How To Add A Custom Or New Document Parser

Using the Central Event System, additional or replacement document parsers can be added for use by the indexer.

There are 2 ways to use the event system, either directly or via a plug-in. When programmatic code is creating an index (i.e. direct use of the search API), then the event handlers below can be attached to the configuration object (as below). If a UI is creating an index (i.e. Index Manager Tool, Web Admin or Windows Service) then the event handlers must be attached via a plug-in (see the plug-in section for more info).

The following assumes that indexing will be programmatic, and an object named "configuration" exists and was used to create the DocumentIndex, eg.

Keyoti.SearchEngine.Configuration configuration = new Keyoti.SearchEngine.Configuration();
configuration.IndexDirectory = "...some path...";
DocumentIndex documentIndex = new DocumentIndex(configuration);

Step 1.

Attach to the NeedObject event from the Central Event System.

configuration.CentralEventDispatcher.NeedObject+=
				new Keyoti.SearchEngine.Events.NeedObjectEventHandler(CentralEventDispatcher_NeedObject);
Step 2.

Handle the event and return a custom subclass of ParserProvider

void CentralEventDispatcher_NeedObject(object sender, Keyoti.SearchEngine.Events.NeedObjectEventArgs e)
{
	if (e.RequiredObject is Keyoti.SearchEngine.Documents.ParserProvider)
	{
		e.RequiredObject = new ExtendedParserProvider(e.Configuration);
	}
}
Step 3.

Write the class, ExtendedParserProvider, which will return the custom parser when the appropriate MIME type is encountered

public class ExtendedParserProvider : ParserProvider
{

    public ExtendedParserProvider(Configuration c) : base(c){}

    public override Parser GetParser(string mimeType)
    {
        if(mimeType=="application/my.file.type")
        {
            return new QQQDocumentParser(Configuration);
        } else 
            return base.GetParser (mimeType);
    }
}
Step 4.

If the mime type is not known by the search engine, associate it with the file extension.

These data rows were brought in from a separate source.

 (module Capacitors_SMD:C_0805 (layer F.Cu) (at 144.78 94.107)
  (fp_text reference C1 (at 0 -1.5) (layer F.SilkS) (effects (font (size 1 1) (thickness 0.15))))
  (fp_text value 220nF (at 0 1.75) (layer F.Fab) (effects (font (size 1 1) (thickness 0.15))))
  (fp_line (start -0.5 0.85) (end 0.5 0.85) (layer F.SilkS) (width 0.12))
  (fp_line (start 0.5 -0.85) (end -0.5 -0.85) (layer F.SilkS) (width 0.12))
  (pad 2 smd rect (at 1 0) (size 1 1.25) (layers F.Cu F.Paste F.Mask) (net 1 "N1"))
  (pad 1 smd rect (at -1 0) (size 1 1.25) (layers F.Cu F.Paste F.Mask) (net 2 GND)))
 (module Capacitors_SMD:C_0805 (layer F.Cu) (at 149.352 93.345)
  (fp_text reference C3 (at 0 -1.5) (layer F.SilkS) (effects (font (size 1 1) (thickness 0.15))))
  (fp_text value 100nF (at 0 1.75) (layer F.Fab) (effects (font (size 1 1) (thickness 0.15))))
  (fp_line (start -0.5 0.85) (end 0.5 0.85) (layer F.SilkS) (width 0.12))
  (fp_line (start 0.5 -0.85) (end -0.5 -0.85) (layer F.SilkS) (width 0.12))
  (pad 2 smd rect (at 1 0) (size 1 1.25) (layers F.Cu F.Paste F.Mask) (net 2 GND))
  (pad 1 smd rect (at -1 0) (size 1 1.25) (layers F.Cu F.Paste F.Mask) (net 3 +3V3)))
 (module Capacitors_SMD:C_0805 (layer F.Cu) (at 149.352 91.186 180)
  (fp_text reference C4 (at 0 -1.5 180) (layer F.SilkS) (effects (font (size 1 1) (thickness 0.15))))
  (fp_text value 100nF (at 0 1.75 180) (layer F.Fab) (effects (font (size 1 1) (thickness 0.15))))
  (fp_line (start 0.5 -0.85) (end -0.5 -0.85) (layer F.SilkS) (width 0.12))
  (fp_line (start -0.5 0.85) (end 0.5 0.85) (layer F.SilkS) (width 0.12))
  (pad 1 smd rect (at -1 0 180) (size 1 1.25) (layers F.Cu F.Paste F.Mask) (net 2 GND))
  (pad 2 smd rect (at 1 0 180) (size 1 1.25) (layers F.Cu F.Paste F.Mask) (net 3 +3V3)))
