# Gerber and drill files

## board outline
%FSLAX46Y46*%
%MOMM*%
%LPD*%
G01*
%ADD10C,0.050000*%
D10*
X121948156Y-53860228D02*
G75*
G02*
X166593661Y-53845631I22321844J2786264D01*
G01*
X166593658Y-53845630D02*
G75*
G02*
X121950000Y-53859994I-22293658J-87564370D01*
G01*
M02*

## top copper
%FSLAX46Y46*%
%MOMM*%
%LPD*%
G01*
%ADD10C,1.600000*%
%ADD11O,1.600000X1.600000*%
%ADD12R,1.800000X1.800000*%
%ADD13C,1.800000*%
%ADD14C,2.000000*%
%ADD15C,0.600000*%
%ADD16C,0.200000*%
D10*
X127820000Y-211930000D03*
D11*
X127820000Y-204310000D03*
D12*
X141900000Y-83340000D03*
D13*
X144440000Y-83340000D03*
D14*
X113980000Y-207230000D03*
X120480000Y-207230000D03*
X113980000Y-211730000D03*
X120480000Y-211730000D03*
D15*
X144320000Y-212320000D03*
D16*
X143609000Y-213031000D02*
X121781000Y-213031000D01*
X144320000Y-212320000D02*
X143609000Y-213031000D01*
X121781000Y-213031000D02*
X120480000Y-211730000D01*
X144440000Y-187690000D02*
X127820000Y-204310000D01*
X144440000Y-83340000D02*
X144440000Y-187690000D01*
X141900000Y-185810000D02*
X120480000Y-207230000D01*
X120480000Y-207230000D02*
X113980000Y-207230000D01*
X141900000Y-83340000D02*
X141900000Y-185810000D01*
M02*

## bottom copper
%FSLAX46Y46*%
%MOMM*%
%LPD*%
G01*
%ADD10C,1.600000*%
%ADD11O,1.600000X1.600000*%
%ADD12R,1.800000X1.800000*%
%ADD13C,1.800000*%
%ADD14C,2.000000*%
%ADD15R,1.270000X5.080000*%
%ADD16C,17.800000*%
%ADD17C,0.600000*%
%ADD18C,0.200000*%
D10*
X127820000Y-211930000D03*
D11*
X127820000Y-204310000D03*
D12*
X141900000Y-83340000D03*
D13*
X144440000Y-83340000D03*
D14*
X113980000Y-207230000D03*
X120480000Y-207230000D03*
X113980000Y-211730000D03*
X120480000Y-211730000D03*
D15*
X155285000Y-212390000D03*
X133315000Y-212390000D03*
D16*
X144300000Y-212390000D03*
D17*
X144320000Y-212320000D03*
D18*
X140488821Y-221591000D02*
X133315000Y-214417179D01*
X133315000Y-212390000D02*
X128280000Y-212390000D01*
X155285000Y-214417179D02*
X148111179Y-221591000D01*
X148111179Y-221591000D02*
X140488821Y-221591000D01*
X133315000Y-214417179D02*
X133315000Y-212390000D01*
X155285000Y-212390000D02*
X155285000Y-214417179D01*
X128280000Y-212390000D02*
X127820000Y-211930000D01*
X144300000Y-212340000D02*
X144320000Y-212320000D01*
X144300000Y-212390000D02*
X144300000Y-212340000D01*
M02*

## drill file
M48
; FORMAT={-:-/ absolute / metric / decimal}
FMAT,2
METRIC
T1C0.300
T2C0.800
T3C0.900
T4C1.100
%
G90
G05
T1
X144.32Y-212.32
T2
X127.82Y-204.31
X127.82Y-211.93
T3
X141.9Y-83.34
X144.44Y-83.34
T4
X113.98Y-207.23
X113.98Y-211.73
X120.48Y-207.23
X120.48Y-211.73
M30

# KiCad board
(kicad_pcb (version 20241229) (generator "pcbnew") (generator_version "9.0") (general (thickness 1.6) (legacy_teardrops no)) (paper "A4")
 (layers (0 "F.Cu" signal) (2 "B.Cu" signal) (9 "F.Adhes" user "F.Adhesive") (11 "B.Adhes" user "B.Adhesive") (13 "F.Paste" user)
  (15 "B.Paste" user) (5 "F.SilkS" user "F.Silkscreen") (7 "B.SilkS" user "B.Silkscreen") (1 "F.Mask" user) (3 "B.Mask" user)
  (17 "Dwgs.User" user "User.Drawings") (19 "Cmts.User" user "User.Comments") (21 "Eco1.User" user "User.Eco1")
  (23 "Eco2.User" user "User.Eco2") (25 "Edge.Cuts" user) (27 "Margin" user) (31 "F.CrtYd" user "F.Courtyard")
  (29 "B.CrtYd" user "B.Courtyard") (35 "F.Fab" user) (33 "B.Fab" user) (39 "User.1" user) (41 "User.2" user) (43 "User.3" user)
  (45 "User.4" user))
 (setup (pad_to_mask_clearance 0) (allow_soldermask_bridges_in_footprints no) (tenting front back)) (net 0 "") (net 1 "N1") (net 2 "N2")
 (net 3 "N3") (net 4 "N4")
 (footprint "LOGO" (layer "F.Cu") (at 144.3 141.41)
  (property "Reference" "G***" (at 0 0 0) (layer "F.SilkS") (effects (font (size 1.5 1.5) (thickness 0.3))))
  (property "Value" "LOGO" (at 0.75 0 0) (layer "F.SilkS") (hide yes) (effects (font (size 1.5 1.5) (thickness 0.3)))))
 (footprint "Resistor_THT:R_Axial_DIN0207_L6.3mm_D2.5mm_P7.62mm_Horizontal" (layer "F.Cu") (at 127.82 211.93 90)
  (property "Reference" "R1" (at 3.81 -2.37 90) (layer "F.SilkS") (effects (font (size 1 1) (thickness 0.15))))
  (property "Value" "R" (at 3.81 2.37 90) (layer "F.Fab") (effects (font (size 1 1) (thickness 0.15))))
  (pad "1" thru_hole circle (at 0 0 90) (size 1.6 1.6) (drill 0.8) (layers "*.Cu" "*.Mask") (remove_unused_layers no) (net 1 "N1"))
  (pad "2" thru_hole oval (at 7.62 0 90) (size 1.6 1.6) (drill 0.8) (layers "*.Cu" "*.Mask") (remove_unused_layers no) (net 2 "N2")))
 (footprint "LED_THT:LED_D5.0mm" (layer "F.Cu") (at 141.9 83.34)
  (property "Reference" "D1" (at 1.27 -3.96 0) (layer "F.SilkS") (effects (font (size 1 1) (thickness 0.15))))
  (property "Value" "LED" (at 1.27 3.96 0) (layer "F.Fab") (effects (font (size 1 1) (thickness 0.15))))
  (pad "1" thru_hole rect (at 0 0) (size 1.8 1.8) (drill 0.9) (layers "*.Cu" "*.Mask") (remove_unused_layers no) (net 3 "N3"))
  (pad "2" thru_hole circle (at 2.54 0) (size 1.8 1.8) (drill 0.9) (layers "*.Cu" "*.Mask") (remove_unused_layers no) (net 2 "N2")))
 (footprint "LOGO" (layer "F.Cu") (at 146.39 95.76)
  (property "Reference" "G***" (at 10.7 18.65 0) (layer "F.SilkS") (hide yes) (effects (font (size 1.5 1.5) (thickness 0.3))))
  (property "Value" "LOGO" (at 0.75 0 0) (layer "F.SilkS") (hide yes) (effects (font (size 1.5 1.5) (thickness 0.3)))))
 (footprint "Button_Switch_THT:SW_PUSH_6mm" (layer "F.Cu") (at 113.98 207.23)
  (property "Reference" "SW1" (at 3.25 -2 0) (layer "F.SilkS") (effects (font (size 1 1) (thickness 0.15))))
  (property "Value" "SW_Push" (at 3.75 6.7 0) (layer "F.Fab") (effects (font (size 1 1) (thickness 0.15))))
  (pad "1" thru_hole circle (at 0 0 90) (size 2 2) (drill 1.1) (layers "*.Cu" "*.Mask") (remove_unused_layers no) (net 3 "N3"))
  (pad "1" thru_hole circle (at 6.5 0 90) (size 2 2) (drill 1.1) (layers "*.Cu" "*.Mask") (remove_unused_layers no) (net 3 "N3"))
  (pad "2" thru_hole circle (at 0 4.5 90) (size 2 2) (drill 1.1) (layers "*.Cu" "*.Mask") (remove_unused_layers no) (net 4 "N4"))
  (pad "2" thru_hole circle (at 6.5 4.5 90) (size 2 2) (drill 1.1) (layers "*.Cu" "*.Mask") (remove_unused_layers no) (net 4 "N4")))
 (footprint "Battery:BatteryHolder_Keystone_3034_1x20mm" (layer "B.Cu") (at 144.3 212.39 180)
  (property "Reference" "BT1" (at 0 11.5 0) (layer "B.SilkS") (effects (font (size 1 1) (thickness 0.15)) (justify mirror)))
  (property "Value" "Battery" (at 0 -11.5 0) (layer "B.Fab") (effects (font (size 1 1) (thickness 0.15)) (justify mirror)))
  (pad "1" smd rect (at -10.985 0 180) (size 1.27 5.08) (layers "B.Cu" "B.Mask" "B.Paste") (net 1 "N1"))
  (pad "1" smd rect (at 10.985 0 180) (size 1.27 5.08) (layers "B.Cu" "B.Mask" "B.Paste") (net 1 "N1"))
  (pad "2" smd circle (at 0 0 180) (size 17.8 17.8) (layers "B.Cu" "B.Mask") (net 4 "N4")))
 (gr_arc (start 121.948156 53.860228) (mid 144.262645 28.5789) (end 166.593661 53.845631) (stroke (width 0.05) (type default))
  (layer "Edge.Cuts"))
 (gr_arc (start 166.593658 53.84563) (mid 144.329072 231.767762) (end 121.95 53.859994) (stroke (width 0.05) (type default))
  (layer "Edge.Cuts"))
 (segment (start 140.488821 221.591) (end 133.315 214.417179) (width 0.2) (layer "B.Cu") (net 1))
 (segment (start 133.315 212.39) (end 128.28 212.39) (width 0.2) (layer "B.Cu") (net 1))
 (segment (start 155.285 214.417179) (end 148.111179 221.591) (width 0.2) (layer "B.Cu") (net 1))
 (segment (start 148.111179 221.591) (end 140.488821 221.591) (width 0.2) (layer "B.Cu") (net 1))
 (segment (start 133.315 214.417179) (end 133.315 212.39) (width 0.2) (layer "B.Cu") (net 1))
 (segment (start 155.285 212.39) (end 155.285 214.417179) (width 0.2) (layer "B.Cu") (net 1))
 (segment (start 128.28 212.39) (end 127.82 211.93) (width 0.2) (layer "B.Cu") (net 1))
 (segment (start 143.609 213.031) (end 121.781 213.031) (width 0.2) (layer "F.Cu") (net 4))
 (segment (start 144.32 212.32) (end 143.609 213.031) (width 0.2) (layer "F.Cu") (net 4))
 (segment (start 121.781 213.031) (end 120.48 211.73) (width 0.2) (layer "F.Cu") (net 4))
 (via (at 144.32 212.32) (size 0.6) (drill 0.3) (layers "F.Cu" "B.Cu") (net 4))
 (segment (start 144.3 212.34) (end 144.32 212.32) (width 0.2) (layer "B.Cu") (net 4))
 (segment (start 144.3 212.39) (end 144.3 212.34) (width 0.2) (layer "B.Cu") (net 4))
 (segment (start 144.44 187.69) (end 127.82 204.31) (width 0.2) (layer "F.Cu") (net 2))
 (segment (start 144.44 83.34) (end 144.44 187.69) (width 0.2) (layer "F.Cu") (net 2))
 (segment (start 141.9 185.81) (end 120.48 207.23) (width 0.2) (layer "F.Cu") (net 3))
 (segment (start 120.48 207.23) (end 113.98 207.23) (width 0.2) (layer "F.Cu") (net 3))
 (segment (start 141.9 83.34) (end 141.9 185.81) (width 0.2) (layer "F.Cu") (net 3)))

For example, if handling a previously unhandled file type with a file extension .qqq, add it to the FileTypeSettings property in the Configuration

eg. programmatically (the same can be achieved in the visual configuration editors, or in the Configuration.xml file in the index directory)

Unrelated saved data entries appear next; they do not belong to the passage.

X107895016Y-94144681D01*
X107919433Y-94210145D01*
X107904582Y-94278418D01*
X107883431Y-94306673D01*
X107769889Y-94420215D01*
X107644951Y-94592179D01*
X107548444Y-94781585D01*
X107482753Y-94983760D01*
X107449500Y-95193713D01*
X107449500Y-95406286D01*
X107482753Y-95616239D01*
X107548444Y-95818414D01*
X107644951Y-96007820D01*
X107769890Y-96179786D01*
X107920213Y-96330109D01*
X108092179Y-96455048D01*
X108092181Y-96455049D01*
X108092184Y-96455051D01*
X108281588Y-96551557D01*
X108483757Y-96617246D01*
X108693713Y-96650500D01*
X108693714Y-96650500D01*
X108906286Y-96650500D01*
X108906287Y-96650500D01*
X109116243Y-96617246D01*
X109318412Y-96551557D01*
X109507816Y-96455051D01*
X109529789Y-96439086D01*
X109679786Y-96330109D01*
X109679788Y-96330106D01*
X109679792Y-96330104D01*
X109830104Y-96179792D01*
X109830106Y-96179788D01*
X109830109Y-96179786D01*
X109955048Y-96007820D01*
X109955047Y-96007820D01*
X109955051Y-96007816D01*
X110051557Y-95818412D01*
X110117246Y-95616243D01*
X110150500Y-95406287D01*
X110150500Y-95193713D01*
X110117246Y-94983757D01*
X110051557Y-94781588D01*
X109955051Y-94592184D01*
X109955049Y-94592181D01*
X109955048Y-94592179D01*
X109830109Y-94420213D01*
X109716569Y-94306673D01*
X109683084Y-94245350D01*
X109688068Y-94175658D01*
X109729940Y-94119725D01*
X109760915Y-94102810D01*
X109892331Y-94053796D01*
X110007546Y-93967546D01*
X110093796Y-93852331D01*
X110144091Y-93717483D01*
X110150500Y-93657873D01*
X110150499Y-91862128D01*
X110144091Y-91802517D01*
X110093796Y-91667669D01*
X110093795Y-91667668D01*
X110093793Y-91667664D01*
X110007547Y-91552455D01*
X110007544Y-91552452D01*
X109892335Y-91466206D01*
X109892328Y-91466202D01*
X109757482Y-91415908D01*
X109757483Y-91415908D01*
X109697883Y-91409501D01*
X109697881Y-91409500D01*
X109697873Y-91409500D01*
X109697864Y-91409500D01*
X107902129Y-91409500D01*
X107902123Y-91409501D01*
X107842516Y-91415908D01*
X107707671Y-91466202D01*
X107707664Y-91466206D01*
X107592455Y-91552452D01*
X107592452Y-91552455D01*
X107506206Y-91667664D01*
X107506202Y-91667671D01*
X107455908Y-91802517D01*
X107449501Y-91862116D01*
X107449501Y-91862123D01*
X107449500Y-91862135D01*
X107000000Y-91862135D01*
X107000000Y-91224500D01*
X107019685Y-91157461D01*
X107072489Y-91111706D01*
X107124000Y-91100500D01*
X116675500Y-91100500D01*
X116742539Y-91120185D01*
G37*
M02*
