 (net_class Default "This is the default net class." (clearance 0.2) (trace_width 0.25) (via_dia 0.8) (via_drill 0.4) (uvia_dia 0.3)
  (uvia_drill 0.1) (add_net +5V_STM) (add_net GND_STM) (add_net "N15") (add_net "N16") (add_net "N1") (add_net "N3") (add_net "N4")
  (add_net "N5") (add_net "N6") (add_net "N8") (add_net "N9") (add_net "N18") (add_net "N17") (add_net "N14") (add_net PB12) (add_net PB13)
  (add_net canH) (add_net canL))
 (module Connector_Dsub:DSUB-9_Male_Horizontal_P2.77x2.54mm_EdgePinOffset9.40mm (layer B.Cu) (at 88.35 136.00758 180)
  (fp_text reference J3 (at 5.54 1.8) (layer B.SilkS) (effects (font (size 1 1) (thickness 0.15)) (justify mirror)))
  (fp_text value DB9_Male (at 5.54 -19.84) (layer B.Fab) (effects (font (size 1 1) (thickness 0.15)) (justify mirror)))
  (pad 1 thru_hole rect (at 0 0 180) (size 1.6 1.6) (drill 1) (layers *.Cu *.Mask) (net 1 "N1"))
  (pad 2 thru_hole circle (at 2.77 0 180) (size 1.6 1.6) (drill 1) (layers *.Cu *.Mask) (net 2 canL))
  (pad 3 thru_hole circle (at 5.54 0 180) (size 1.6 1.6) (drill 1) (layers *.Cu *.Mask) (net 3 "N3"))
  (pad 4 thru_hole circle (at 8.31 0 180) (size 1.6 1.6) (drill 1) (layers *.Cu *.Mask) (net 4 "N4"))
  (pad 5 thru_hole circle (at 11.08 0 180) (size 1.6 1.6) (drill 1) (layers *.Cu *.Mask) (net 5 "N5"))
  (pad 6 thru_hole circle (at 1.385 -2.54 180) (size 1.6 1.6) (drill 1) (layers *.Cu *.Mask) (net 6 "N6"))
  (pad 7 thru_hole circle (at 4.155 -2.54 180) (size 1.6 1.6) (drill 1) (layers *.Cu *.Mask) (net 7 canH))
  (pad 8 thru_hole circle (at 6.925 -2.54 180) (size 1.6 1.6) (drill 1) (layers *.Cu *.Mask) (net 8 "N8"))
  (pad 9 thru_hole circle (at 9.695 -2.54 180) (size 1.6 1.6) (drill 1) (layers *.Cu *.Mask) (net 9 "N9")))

configuration.FileTypesSettings.Add("QQQ", "application/my.file.type");

this associates the new mimetype application/my.file.type with any files with the extension .qqq (note that the extension must be added in uppercase).

Step 5.

Add the QQQDocumentParser class - which overrides the Read method. The method below takes the string content (which it is up to the user to provide) and processes it in base.Read to return the necessary "DocumentText" object.

eg.

public class QQQDocumentParser : Keyoti.SearchEngine.Documents.TxtDocumentParser
{

	public QQQDocumentParser(Configuration c) : base(c) { }

	public override Keyoti.SearchEngine.Documents.DocumentText Read(System.IO.Stream stream, Uri uri, System.Text.Encoding encoding)
	{
        //stream is the document as a stream (i.e. as it is returned from the server)
        //uri is the document's Uri
        //e is the response encoding from the server
        //the stream should be read, and plain text from it added to a string and set in the "documentBody" variable
		string documentBody = "this is test content, real content comes from user created parser.";
		return base.Read(documentBody, uri, encoding);
	}
}